RECORDED DATA.
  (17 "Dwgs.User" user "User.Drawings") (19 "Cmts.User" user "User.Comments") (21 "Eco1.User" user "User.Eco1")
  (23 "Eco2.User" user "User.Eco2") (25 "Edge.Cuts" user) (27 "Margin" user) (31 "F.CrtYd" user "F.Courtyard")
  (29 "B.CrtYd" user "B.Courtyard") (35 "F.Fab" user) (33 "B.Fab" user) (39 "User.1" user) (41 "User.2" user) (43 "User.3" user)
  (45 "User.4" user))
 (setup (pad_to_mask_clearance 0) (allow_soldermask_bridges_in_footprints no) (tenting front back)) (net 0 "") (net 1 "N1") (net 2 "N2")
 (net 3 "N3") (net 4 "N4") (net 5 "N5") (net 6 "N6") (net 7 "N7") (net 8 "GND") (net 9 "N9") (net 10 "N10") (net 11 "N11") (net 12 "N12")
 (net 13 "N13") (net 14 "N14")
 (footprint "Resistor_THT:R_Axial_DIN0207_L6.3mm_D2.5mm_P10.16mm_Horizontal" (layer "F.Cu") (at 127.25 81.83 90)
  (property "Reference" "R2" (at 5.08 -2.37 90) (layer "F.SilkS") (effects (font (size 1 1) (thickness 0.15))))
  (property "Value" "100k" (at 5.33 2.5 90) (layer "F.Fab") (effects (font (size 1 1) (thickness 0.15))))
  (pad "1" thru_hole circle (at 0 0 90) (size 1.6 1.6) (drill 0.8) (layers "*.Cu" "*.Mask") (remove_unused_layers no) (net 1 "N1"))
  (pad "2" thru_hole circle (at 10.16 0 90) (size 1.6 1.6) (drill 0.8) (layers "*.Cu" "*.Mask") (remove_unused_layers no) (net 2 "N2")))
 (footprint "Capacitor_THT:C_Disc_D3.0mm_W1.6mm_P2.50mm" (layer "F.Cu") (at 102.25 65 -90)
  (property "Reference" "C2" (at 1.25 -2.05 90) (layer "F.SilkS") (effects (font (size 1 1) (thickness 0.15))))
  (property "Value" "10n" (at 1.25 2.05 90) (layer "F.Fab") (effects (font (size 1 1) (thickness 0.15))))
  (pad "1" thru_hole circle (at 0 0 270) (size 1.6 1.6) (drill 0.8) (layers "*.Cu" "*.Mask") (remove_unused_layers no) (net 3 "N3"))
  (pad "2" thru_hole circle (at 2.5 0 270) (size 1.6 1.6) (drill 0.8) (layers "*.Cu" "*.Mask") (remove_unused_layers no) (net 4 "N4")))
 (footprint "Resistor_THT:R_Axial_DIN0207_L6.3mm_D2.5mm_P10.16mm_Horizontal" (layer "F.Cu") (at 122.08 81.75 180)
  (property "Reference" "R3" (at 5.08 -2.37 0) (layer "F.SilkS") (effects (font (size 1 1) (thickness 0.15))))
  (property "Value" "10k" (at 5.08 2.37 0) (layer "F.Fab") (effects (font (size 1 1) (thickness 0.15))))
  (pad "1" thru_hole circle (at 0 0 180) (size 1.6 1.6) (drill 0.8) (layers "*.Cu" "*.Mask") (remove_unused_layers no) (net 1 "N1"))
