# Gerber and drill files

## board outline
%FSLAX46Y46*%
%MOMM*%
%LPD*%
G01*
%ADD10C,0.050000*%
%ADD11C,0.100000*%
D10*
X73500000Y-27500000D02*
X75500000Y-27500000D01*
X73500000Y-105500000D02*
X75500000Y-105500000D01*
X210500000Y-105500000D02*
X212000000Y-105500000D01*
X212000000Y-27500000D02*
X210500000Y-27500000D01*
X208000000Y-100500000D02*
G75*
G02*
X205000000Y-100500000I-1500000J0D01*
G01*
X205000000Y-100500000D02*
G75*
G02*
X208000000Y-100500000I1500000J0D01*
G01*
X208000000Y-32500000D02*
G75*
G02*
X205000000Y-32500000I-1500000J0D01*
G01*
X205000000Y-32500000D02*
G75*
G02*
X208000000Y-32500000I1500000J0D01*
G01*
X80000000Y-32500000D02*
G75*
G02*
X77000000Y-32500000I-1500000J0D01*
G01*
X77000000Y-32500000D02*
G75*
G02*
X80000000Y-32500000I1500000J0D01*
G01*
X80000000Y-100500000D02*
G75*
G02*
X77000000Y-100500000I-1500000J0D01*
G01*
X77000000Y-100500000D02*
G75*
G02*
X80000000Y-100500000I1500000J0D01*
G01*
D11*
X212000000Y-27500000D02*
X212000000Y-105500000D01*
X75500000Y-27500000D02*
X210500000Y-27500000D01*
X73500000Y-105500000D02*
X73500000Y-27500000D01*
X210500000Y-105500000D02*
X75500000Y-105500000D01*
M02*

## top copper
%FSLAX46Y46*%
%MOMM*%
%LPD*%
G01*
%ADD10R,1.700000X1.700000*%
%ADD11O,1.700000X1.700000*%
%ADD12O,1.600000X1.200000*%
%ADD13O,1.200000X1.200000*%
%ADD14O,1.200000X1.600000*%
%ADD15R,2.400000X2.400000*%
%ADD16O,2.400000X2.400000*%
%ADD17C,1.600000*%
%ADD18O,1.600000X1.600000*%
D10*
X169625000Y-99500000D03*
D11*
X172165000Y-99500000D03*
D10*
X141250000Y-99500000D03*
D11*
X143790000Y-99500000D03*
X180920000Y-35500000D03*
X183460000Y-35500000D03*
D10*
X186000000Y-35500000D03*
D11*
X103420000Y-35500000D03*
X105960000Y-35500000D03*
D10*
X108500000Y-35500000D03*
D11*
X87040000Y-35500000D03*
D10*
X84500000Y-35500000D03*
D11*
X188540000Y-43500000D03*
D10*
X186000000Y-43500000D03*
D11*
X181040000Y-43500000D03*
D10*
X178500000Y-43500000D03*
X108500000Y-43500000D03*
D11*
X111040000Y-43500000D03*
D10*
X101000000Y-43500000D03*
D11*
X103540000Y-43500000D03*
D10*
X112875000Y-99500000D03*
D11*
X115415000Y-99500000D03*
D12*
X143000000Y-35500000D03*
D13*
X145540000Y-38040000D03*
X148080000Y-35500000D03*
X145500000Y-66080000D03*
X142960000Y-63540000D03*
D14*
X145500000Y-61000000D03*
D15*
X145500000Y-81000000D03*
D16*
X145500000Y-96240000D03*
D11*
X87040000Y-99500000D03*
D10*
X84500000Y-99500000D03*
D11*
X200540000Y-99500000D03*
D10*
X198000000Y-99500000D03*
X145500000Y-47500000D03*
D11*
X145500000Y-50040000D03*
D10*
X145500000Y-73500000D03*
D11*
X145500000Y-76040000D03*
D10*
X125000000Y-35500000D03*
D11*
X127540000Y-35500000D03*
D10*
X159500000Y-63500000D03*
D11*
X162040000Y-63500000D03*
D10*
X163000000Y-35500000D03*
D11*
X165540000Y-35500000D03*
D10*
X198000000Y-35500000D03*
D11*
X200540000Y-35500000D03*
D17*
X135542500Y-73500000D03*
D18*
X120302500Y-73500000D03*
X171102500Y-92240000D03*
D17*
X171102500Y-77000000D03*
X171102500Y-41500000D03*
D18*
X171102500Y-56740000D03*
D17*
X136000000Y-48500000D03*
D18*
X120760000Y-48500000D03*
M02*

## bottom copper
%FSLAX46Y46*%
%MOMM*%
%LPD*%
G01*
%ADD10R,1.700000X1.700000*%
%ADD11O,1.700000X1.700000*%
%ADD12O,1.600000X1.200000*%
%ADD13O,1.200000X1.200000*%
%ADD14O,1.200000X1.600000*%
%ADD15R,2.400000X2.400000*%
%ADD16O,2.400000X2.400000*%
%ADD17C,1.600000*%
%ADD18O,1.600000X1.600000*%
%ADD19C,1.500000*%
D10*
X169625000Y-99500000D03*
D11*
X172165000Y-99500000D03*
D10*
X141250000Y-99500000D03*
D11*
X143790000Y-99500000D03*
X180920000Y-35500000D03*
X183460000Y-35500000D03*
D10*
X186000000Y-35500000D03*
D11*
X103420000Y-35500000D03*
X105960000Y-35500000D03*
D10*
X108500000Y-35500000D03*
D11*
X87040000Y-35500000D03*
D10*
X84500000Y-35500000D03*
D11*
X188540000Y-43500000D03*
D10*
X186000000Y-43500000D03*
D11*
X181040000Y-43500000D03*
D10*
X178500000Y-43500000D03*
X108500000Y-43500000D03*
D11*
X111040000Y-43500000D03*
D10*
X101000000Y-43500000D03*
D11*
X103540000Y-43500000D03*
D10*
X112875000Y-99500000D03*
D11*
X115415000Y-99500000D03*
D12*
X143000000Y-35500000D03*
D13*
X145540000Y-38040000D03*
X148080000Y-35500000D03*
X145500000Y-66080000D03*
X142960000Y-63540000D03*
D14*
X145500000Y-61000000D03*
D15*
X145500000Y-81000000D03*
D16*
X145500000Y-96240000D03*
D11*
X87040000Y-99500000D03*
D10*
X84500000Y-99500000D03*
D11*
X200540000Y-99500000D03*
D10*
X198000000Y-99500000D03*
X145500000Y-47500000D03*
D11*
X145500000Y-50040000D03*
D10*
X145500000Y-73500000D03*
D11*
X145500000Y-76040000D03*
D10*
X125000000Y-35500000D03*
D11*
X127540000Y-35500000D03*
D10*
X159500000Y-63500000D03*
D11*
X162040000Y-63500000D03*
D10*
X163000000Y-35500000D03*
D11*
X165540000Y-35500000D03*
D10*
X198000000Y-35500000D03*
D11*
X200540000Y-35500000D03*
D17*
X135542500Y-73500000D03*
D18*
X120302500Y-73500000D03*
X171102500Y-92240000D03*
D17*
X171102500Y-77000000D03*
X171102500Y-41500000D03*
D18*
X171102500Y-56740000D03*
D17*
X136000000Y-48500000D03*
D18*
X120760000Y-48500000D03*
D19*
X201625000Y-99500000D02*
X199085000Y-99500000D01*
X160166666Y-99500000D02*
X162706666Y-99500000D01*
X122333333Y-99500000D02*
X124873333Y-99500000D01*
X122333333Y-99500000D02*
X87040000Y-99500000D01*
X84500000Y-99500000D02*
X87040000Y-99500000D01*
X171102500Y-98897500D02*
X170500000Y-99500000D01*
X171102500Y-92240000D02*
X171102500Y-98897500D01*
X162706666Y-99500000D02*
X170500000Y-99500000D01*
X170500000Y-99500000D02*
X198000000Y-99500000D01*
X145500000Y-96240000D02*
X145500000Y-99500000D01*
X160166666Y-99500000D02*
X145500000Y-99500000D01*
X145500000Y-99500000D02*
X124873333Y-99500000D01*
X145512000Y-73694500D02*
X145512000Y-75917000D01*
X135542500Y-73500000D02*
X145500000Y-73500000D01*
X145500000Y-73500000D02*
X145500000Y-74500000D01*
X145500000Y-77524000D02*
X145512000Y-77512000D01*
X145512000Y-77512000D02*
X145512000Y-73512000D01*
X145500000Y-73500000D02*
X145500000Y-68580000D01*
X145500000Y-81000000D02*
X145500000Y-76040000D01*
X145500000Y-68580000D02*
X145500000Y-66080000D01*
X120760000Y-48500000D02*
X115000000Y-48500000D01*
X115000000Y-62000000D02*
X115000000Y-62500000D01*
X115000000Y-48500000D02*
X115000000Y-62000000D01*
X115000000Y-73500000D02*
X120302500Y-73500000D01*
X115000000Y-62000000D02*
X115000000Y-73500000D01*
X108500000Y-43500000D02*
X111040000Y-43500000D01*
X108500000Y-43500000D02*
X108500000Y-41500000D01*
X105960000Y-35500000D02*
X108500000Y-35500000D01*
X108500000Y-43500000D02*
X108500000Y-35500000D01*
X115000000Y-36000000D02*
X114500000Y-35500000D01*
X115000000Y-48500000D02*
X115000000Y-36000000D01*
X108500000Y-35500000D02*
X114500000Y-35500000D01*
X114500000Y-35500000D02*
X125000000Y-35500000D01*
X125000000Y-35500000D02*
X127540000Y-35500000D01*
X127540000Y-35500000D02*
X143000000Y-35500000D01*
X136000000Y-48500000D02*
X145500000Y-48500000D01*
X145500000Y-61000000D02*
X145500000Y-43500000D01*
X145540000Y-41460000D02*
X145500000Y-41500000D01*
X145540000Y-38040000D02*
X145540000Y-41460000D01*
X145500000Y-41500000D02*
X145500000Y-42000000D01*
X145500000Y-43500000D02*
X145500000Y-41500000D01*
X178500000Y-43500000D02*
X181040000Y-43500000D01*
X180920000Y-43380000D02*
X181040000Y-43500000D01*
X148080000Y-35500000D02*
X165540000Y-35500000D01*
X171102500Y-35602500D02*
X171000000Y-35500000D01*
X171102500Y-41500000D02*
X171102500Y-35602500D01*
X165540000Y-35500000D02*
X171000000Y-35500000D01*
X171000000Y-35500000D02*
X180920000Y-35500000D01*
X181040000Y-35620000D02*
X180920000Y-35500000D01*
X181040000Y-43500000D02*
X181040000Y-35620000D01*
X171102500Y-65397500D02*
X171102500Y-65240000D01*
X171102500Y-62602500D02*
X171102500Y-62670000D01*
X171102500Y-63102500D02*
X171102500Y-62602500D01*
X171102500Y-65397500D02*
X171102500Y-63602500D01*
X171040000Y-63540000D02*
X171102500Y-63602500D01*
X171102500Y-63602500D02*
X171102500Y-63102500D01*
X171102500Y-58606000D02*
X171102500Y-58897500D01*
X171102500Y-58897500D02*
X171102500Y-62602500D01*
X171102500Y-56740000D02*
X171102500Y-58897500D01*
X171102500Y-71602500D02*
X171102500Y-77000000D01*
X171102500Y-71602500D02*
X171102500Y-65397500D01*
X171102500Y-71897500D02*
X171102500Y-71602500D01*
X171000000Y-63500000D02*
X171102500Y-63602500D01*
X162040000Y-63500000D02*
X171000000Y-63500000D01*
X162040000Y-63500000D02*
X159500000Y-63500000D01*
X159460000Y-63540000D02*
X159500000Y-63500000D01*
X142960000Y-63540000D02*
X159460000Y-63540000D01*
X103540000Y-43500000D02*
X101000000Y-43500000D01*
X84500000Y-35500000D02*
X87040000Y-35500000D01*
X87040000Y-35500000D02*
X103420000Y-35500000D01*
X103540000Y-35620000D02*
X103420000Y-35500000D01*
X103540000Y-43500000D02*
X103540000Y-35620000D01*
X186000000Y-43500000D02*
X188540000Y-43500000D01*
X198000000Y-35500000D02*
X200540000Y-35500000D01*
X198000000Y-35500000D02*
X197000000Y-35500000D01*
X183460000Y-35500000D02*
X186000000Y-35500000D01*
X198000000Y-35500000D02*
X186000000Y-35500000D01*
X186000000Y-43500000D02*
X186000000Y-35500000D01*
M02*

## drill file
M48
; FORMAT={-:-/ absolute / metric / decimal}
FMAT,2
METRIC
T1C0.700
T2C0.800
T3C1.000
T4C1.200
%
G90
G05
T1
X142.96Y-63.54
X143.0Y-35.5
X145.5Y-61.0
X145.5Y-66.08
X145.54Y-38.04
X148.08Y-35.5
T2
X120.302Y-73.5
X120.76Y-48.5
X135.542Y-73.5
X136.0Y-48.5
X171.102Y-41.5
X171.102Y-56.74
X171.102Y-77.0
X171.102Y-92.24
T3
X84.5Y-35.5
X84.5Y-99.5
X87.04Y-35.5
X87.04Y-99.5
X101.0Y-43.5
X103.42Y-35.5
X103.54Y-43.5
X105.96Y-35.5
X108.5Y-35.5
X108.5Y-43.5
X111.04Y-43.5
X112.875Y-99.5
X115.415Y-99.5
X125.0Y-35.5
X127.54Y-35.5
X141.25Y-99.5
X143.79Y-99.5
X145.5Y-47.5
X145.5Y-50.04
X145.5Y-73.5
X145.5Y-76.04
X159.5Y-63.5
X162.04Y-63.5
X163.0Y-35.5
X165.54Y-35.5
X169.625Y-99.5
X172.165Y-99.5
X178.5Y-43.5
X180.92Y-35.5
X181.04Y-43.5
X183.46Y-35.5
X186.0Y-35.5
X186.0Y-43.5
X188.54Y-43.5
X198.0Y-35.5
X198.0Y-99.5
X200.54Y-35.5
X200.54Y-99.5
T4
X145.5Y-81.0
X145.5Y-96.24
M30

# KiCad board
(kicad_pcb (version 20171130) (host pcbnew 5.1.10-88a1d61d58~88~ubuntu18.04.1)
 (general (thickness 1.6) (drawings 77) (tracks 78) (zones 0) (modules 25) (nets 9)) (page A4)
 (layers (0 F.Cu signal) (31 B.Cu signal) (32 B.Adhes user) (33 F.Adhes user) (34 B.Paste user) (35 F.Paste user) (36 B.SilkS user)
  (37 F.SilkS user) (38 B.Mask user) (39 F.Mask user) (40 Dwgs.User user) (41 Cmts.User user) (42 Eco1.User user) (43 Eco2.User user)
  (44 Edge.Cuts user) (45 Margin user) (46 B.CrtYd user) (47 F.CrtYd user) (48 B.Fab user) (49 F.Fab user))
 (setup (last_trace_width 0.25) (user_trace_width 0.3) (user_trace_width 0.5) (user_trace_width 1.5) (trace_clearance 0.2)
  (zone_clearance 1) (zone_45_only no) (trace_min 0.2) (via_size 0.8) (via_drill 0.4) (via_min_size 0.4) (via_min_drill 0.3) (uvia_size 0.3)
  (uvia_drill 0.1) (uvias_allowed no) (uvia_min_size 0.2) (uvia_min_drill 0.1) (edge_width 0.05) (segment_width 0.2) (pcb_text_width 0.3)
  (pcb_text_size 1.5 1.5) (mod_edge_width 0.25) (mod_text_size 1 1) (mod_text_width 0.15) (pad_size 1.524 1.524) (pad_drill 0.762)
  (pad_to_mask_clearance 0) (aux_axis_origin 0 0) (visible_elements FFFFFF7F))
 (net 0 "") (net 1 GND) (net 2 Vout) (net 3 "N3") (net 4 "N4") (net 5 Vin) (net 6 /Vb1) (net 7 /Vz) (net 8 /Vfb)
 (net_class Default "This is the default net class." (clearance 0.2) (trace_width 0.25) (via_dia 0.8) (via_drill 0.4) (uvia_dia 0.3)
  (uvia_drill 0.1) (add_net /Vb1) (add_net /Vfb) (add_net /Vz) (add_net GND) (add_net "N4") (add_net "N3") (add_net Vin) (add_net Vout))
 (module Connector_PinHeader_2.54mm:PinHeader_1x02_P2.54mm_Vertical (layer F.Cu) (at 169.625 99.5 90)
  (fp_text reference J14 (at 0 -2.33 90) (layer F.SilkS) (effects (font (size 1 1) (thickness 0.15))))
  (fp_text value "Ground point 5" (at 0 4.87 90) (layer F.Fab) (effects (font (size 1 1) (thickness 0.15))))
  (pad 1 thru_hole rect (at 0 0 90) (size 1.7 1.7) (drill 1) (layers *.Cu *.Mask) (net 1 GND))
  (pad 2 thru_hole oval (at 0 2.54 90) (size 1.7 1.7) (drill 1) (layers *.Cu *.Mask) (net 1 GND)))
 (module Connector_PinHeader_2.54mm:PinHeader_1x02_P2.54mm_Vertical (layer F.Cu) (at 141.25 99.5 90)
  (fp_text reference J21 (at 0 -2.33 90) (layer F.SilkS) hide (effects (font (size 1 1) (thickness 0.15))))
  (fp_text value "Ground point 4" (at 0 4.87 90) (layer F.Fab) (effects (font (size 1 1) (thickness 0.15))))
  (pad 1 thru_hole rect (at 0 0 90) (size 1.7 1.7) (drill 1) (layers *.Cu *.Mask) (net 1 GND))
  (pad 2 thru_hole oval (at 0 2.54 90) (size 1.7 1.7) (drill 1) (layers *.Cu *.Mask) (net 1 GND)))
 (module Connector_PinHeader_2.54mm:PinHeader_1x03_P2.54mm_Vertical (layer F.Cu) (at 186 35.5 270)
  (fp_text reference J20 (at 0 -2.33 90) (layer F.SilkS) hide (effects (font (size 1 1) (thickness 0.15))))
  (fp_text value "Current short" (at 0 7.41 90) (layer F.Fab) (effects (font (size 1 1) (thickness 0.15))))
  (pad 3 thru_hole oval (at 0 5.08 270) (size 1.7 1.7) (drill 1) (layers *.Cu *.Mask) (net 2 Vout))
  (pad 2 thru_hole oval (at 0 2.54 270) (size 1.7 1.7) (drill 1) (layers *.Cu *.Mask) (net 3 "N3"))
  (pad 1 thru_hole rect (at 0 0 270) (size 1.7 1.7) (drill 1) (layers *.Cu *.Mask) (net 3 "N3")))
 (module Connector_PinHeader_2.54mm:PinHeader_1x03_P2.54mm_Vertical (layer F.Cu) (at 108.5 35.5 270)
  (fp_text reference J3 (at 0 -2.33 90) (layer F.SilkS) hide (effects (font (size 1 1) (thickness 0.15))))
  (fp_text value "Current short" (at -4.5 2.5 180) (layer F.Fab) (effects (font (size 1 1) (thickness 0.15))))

INSTRUCTIONS FOR THE TASK. Only lines holding the word "circle" belong in the answer; copy all of them from the records.

ANSWER TO THIS TASK.
  (pad "1" thru_hole circle (at 0 0 90) (size 1.6 1.6) (drill 0.8) (layers "*.Cu" "*.Mask") (remove_unused_layers no) (net 1 "N1"))
  (pad "2" thru_hole circle (at 10.16 0 90) (size 1.6 1.6) (drill 0.8) (layers "*.Cu" "*.Mask") (remove_unused_layers no) (net 2 "N2")))
  (pad "1" thru_hole circle (at 0 0 270) (size 1.6 1.6) (drill 0.8) (layers "*.Cu" "*.Mask") (remove_unused_layers no) (net 3 "N3"))
  (pad "2" thru_hole circle (at 2.5 0 270) (size 1.6 1.6) (drill 0.8) (layers "*.Cu" "*.Mask") (remove_unused_layers no) (net 4 "N4")))
  (pad "1" thru_hole circle (at 0 0 180) (size 1.6 1.6) (drill 0.8) (layers "*.Cu" "*.Mask") (remove_unused_layers no) (net 1 "N1"))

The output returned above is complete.